The White House is reviewing a joint proposal from the SEC and CFTC that would fundamentally reshape how private fund advisers report their swaps and security-based swaps activity. The changes center on Form PF, the confidential reporting form that private fund advisers have filed since the Dodd-Frank era, and the revisions would raise reporting thresholds high enough to let nearly half of current filers off the hook entirely.
What the proposal actually changes
The SEC and CFTC are expected to jointly propose amendments to Form PF around April 20, 2026. The headline number: the reporting threshold for private fund advisers would jump from $150 million to $1 billion in assets under management.
For large hedge fund advisers specifically, the exposure reporting threshold would climb from $1.5 billion to $10 billion in AUM. Only the biggest players in the hedge fund world would need to submit the most detailed layer of reporting.
Despite the dramatically higher thresholds, over 90% of private fund gross assets would still fall under the reporting umbrella. Nearly half of current Form PF filers would be exempted under the new thresholds.

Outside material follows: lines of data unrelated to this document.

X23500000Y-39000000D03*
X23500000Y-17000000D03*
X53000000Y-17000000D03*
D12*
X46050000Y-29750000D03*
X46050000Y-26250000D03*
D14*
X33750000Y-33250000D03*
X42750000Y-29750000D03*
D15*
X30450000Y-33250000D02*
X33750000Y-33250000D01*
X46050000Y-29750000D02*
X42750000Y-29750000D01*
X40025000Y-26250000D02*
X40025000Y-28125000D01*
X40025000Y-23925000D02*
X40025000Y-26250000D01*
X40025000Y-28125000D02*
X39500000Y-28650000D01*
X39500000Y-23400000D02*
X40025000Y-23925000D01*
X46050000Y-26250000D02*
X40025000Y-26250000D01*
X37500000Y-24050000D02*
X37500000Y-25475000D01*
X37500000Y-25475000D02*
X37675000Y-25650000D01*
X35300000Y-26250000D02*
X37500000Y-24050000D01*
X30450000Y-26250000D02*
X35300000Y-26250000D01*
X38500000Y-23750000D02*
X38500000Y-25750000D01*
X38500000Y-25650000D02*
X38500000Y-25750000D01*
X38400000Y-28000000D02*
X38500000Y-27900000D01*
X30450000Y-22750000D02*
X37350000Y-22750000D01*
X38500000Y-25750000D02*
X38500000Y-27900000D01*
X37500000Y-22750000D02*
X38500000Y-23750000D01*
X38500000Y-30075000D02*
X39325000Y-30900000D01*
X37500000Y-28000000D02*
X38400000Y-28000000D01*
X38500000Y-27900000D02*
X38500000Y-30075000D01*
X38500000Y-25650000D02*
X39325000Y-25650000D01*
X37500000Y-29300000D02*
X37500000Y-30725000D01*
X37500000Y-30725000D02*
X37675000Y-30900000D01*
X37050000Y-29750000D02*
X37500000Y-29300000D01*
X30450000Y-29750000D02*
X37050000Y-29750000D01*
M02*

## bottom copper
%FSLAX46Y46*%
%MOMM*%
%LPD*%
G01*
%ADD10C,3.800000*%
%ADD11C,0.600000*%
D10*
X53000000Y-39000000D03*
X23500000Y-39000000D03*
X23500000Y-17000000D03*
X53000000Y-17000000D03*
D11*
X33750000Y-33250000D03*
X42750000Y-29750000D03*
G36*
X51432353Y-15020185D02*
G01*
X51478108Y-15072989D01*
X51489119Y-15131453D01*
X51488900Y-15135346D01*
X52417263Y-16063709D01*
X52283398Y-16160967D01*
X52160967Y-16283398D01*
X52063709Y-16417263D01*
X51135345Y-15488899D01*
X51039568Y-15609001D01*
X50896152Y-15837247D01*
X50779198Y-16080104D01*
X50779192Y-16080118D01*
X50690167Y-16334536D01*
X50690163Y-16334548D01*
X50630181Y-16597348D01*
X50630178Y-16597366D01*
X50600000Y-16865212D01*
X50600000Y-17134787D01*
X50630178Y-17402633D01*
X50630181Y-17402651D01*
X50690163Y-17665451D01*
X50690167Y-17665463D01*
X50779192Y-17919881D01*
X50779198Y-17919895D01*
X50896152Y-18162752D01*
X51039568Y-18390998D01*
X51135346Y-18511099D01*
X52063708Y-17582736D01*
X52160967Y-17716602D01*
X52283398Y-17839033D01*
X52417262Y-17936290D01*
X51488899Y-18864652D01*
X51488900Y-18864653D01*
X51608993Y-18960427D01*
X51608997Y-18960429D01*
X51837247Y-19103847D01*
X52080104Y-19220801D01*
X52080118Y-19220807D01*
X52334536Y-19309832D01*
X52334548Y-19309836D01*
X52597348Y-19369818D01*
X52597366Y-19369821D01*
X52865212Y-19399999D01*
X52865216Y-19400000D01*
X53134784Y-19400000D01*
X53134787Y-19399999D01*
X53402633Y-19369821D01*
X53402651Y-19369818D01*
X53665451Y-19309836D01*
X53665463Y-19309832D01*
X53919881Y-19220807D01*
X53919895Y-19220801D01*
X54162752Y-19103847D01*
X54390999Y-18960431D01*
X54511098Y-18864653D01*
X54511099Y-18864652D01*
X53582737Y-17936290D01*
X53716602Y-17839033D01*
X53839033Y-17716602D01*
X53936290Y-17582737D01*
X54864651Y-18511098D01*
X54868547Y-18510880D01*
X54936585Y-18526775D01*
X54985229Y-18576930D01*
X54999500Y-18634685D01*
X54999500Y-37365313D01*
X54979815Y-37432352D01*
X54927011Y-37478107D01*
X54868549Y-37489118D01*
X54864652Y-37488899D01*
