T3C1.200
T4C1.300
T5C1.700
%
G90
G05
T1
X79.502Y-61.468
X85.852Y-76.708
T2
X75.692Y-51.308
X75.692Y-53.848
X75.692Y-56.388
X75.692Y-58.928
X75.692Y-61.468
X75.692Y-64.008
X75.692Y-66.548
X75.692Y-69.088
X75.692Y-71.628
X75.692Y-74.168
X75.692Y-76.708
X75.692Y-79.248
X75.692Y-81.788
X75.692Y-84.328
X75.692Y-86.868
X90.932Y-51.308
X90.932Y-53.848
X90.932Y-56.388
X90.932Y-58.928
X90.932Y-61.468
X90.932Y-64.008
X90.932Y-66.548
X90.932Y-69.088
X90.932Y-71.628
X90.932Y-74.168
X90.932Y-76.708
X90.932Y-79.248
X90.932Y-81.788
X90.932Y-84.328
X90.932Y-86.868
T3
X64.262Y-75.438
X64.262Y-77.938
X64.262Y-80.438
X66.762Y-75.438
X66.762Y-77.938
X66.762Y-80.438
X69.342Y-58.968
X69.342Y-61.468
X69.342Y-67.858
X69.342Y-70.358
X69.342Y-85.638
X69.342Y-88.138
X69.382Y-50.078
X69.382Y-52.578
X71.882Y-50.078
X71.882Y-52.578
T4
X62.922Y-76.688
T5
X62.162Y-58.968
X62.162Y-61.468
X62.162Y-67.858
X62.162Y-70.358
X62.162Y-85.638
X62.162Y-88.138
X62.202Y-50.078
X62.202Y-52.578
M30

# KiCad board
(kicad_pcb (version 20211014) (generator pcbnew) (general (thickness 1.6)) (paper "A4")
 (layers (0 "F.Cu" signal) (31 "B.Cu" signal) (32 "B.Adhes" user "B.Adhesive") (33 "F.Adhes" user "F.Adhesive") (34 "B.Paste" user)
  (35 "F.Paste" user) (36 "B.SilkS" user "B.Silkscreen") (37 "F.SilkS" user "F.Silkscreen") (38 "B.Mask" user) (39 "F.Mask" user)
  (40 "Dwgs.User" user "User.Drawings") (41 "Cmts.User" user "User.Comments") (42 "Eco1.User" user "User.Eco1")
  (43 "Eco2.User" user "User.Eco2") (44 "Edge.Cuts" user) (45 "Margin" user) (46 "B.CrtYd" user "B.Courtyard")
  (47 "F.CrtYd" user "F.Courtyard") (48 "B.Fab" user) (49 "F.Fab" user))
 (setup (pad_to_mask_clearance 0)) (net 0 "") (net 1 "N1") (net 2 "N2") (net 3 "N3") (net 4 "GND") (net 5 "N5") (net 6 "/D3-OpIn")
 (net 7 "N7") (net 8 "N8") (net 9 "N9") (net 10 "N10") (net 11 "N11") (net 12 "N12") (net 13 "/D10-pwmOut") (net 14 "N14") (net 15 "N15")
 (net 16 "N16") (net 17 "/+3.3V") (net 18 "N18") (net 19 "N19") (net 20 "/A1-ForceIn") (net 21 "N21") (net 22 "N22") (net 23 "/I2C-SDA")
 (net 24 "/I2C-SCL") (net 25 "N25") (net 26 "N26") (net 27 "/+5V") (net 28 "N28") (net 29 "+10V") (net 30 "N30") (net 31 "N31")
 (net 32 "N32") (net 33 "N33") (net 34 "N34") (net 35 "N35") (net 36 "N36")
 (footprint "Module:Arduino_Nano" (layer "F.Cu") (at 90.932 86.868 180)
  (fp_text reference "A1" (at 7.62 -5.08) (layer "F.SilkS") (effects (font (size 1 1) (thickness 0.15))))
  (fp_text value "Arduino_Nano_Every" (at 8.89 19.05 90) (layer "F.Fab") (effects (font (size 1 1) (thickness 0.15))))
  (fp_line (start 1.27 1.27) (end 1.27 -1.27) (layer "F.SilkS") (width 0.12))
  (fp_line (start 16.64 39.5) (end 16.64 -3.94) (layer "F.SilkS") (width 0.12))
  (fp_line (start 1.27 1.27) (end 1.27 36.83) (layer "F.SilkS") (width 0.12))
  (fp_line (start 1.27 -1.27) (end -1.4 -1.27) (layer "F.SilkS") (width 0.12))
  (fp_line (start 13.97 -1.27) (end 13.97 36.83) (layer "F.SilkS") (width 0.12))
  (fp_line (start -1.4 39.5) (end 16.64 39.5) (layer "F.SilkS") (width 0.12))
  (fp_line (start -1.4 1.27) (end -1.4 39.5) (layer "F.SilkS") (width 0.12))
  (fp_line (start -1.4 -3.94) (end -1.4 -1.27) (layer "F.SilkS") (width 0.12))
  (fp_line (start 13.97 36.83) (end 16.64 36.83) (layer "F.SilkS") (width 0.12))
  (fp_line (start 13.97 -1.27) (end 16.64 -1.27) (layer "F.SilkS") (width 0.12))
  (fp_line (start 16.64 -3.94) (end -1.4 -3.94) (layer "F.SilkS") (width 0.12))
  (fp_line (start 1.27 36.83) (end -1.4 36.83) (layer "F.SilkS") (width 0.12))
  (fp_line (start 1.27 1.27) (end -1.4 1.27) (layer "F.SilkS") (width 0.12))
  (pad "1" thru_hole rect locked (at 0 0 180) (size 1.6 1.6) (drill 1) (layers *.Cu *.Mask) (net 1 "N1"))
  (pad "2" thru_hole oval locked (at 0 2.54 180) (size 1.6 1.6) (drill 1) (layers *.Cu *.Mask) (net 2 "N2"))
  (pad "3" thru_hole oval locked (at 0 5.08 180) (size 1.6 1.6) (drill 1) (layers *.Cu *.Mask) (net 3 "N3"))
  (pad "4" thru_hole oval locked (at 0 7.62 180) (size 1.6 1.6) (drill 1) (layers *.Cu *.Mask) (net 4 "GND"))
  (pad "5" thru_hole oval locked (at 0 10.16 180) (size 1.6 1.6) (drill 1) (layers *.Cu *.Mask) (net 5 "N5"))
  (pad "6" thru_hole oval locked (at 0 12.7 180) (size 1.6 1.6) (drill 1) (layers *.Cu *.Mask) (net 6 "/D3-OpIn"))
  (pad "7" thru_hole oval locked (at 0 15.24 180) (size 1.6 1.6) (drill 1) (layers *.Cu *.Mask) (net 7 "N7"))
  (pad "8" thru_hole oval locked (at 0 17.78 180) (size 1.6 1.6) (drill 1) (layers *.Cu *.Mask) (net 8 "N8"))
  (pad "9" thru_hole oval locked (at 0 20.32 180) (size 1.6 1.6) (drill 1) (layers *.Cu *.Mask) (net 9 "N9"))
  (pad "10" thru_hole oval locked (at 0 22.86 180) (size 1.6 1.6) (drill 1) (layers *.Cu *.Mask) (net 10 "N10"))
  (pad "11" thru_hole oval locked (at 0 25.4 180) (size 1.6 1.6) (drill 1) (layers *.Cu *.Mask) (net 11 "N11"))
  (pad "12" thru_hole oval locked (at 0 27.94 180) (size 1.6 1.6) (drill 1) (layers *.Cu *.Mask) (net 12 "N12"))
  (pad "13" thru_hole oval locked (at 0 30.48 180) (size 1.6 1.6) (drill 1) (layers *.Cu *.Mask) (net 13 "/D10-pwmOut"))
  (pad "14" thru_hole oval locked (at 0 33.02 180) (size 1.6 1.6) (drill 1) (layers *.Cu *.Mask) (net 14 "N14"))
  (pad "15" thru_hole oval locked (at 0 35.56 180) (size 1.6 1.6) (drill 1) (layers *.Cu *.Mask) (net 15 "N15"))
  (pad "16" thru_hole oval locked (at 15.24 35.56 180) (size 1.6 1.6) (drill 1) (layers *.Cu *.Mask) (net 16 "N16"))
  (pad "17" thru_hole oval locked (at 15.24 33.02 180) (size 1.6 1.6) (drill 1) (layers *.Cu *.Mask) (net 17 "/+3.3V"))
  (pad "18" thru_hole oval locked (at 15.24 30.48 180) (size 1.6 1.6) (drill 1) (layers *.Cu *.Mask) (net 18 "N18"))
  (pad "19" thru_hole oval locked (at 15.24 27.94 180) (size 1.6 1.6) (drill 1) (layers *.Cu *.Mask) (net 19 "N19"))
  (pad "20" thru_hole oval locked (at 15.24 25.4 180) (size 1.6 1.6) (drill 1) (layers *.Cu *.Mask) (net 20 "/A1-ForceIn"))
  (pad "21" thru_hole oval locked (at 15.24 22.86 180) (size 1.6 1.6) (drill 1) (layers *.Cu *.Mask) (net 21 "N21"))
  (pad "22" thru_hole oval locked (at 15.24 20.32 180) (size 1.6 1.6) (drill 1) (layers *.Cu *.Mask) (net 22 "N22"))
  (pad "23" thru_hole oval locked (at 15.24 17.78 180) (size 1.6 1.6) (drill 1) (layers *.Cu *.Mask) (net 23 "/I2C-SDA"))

The broader regulatory context
In December 2025, the CFTC finalized revisions to swap dealer business conduct rules around documentation requirements. In April 2025, the SEC extended a provision allowing market participants to continue using CFTC-style reporting for certain security-based swaps through November 5, 2029.
The White House review also encompasses proposals related to prediction markets, suggesting a broader appetite for recalibrating financial regulation across multiple asset classes simultaneously.
What this means for investors
For smaller private fund advisers managing between $150 million and $1 billion, the elimination of Form PF filing requirements would free up resources currently dedicated to regulatory reporting. The harmonization effort between the SEC and CFTC carries implications for digital asset-linked derivatives, where the same product might face different reporting requirements depending on which agency claims jurisdiction.
Raising thresholds means less granular data on mid-sized funds. Regulators are betting that the data they lose from exempted filers isn’t material to their oversight mission, while still maintaining coverage of over 90% of private fund gross assets.
Firms operating in both traditional and digital asset derivatives markets should be tracking this proposal closely. The comment period following the formal proposal will be the window to shape final rules, and the thresholds that emerge from that process will define compliance obligations for years to come.